@nordern no, bitcoin can suck all day, that's not the point. i said plenty of times that i'd love alternatives to take off.
but if it weren't for the aforementioned fuckheads, the problem of proof-of-work would mostly be a problem for the miners an potentially other users of bitcoin. they aren't the one doing the massive CO2 emmissions so many blame them for.
@sofia Now that is a far clearer way to make that point.
Though I wouldn't call them blameless in this. Creating massive new energy consumption out of nowhere is going to an environmental impact, even if it were all 100% renewable.
And it feels rather decadent to do so just to compute numbers that serve no purpose other than to prove they have been calculated.
@nordern yes, as energy consumers miners are co-responsible for the problem if they use fossil energy. the same as all other fossil energy consumers. i should have clarified that.
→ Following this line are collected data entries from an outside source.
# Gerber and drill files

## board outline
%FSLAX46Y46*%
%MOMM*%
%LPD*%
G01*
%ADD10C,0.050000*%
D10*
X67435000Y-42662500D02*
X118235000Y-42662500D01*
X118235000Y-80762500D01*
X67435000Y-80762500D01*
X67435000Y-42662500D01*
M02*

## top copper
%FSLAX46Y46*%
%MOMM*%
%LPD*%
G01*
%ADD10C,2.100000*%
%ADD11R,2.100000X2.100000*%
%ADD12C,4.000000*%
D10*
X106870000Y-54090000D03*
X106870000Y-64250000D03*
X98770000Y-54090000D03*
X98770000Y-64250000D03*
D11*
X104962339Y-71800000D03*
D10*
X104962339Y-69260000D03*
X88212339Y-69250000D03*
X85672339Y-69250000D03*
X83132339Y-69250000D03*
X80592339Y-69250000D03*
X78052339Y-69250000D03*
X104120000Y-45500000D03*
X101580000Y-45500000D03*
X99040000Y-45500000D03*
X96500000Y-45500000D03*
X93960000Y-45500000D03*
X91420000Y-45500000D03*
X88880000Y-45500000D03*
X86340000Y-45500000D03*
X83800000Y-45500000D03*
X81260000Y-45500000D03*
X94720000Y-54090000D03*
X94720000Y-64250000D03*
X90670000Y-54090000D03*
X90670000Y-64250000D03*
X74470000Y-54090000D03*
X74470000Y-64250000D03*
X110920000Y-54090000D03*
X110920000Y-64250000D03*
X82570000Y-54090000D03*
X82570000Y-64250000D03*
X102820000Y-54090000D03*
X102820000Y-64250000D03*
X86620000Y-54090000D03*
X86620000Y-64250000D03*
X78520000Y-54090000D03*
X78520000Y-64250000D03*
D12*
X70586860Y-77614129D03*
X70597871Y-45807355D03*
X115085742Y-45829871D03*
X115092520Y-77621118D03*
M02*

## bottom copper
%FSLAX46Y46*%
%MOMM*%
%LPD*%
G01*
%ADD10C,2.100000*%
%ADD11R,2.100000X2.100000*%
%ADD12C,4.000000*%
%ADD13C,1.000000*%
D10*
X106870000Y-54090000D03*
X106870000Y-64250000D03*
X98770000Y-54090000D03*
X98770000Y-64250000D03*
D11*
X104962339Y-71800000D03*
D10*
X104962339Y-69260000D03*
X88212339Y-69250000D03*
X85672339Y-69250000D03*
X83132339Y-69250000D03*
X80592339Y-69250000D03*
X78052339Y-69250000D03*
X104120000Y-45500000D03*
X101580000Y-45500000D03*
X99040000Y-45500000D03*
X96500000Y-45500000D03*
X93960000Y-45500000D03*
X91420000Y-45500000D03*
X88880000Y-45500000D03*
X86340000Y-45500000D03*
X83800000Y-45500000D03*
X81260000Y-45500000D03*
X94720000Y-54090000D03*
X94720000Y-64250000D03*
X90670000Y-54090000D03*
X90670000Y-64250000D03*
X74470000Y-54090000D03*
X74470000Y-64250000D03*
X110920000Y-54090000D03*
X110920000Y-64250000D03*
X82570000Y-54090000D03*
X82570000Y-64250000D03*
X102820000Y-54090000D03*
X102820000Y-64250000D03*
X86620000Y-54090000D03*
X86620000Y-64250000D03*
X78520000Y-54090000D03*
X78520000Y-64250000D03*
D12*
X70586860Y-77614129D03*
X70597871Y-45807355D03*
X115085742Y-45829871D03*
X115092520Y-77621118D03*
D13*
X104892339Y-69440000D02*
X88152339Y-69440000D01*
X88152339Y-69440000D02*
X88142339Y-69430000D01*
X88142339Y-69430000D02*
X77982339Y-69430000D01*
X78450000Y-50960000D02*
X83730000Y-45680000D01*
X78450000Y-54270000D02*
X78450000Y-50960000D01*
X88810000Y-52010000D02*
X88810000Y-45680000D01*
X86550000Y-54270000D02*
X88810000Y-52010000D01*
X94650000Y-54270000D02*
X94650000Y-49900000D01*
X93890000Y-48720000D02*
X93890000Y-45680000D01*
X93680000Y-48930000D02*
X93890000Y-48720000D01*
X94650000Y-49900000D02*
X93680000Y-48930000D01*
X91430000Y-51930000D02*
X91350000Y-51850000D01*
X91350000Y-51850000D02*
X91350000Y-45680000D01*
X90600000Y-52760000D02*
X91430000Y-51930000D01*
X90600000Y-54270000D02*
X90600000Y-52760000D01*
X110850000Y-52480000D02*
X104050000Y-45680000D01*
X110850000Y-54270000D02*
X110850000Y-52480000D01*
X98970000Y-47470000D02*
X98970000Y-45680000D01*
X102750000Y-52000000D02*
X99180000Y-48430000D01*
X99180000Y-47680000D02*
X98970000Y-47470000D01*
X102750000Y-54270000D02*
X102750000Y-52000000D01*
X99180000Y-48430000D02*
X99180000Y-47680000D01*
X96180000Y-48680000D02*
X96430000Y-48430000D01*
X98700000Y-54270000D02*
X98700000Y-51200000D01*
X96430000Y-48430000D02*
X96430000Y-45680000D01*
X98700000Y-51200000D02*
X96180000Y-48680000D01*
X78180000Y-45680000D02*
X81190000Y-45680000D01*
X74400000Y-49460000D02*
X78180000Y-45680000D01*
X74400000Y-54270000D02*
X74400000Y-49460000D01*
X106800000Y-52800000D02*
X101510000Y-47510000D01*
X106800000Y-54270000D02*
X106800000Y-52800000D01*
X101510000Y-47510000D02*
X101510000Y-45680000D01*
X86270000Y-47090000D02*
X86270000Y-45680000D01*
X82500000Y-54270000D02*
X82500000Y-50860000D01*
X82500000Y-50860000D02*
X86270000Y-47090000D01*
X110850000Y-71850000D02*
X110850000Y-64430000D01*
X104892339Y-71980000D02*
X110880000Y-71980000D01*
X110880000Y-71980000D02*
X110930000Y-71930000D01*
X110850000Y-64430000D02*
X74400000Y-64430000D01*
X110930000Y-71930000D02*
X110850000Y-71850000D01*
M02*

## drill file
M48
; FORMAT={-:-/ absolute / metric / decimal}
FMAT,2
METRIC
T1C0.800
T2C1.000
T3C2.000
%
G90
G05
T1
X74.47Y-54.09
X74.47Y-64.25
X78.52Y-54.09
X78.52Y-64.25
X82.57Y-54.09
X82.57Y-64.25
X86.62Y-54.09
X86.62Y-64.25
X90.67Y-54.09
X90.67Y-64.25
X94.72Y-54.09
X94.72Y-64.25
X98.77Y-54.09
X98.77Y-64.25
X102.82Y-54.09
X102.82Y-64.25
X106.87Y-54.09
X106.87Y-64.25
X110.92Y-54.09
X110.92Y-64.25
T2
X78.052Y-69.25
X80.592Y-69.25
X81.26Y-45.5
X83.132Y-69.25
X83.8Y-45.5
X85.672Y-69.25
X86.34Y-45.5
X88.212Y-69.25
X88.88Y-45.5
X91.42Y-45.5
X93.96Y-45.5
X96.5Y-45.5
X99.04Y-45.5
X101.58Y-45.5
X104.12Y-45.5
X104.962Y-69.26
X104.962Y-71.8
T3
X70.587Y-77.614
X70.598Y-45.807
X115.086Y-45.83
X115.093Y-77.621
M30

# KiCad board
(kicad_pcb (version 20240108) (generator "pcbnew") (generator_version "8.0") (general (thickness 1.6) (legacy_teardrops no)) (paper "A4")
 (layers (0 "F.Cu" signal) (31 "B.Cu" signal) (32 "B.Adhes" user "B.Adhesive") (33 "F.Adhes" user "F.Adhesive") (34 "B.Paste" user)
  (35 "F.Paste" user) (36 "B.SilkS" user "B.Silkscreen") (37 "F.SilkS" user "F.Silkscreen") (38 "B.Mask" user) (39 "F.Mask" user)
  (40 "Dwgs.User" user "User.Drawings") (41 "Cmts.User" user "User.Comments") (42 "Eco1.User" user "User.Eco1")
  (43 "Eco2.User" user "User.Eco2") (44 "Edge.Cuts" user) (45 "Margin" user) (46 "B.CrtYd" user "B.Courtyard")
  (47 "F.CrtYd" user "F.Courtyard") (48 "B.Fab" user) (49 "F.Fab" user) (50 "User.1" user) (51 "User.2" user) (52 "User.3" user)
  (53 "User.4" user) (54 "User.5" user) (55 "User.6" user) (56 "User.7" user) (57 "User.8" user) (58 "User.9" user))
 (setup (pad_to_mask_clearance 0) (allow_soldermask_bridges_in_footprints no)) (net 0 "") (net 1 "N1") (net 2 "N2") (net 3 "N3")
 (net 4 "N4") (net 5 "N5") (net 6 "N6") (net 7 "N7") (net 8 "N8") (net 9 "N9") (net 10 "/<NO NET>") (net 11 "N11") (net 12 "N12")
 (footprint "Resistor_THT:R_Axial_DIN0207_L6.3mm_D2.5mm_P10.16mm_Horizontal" (layer "F.Cu") (at 106.87 54.09 -90)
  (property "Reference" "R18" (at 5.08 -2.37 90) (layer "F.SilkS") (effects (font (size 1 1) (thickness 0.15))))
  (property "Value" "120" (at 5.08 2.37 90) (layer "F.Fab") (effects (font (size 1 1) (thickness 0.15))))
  (pad "1" thru_hole circle (at 0 0 270) (size 2.1 2.1) (drill 0.8) (layers "*.Cu" "*.Mask") (remove_unused_layers no) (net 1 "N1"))
  (pad "2" thru_hole circle (at 10.16 0 270) (size 2.1 2.1) (drill 0.8) (layers "*.Cu" "*.Mask") (remove_unused_layers no) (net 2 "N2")))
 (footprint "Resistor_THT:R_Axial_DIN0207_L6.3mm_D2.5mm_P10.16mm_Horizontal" (layer "F.Cu") (at 98.77 54.09 -90)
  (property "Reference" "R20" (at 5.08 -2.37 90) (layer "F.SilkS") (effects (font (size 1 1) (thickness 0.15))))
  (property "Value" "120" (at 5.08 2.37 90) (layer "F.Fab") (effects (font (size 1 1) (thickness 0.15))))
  (pad "1" thru_hole circle (at 0 0 270) (size 2.1 2.1) (drill 0.8) (layers "*.Cu" "*.Mask") (remove_unused_layers no) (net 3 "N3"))
  (pad "2" thru_hole circle (at 10.16 0 270) (size 2.1 2.1) (drill 0.8) (layers "*.Cu" "*.Mask") (remove_unused_layers no) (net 2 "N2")))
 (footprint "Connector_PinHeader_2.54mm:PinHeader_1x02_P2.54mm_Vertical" (layer "F.Cu") (at 104.962339 71.8 180)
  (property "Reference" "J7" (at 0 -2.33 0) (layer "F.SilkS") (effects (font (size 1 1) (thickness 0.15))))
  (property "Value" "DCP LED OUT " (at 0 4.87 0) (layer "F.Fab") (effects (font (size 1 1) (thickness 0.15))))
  (pad "1" thru_hole rect (at 0 0 180) (size 2.1 2.1) (drill 1) (layers "*.Cu" "*.Mask") (remove_unused_layers no) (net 2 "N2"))
  (pad "2" thru_hole circle (at 0 2.54 180) (size 2.1 2.1) (drill 1) (layers "*.Cu" "*.Mask") (remove_unused_layers no) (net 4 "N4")))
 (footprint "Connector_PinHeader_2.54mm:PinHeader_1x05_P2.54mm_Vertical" (layer "F.Cu") (at 88.212339 69.25 -90)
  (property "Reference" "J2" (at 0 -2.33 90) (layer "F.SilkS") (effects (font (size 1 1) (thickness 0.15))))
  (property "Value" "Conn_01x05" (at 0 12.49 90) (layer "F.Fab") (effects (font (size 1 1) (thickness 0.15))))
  (pad "1" thru_hole circle (at 0 0 270) (size 2.1 2.1) (drill 1) (layers "*.Cu" "*.Mask") (remove_unused_layers no) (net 4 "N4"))
  (pad "2" thru_hole circle (at 0 2.54 270) (size 2.1 2.1) (drill 1) (layers "*.Cu" "*.Mask") (remove_unused_layers no) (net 4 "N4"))
  (pad "3" thru_hole circle (at 0 5.08 270) (size 2.1 2.1) (drill 1) (layers "*.Cu" "*.Mask") (remove_unused_layers no) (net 4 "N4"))
  (pad "4" thru_hole circle (at 0 7.62 270) (size 2.1 2.1) (drill 1) (layers "*.Cu" "*.Mask") (remove_unused_layers no) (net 4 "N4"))
  (pad "5" thru_hole circle (at 0 10.16 270) (size 2.1 2.1) (drill 1) (layers "*.Cu" "*.Mask") (remove_unused_layers no) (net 4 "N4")))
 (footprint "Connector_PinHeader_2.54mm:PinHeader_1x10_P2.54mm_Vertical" (layer "F.Cu") (at 104.12 45.5 -90)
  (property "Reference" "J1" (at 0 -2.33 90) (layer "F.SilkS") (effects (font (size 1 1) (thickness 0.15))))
and again, yes, i don't like proof-of-work either. but how about a currency that is valued for much much productivity a state can leech off it's subjects. state currencies are also wasteful, it's just not typically measured in gigahashes.
@sofia Not quite sure where you are coming from with this one. The leeching of by states has a far more direct equivalent in the transaction fees of bitcoin.
Taxes are redistributed through expenses of the state, whereas energy used in mining is fairly unreclaimable.
@nordern it's not so much about taxes, it's about power. the state making you do things you wouldn't do voluntarily. taxes are part of that, firstly by creating demand for the local state currency above any another, secondly by "buying" goods and services from the subjects using their own money.
the states sovereignty lies in making you do and support things you don't agree with. that's the thing you lose.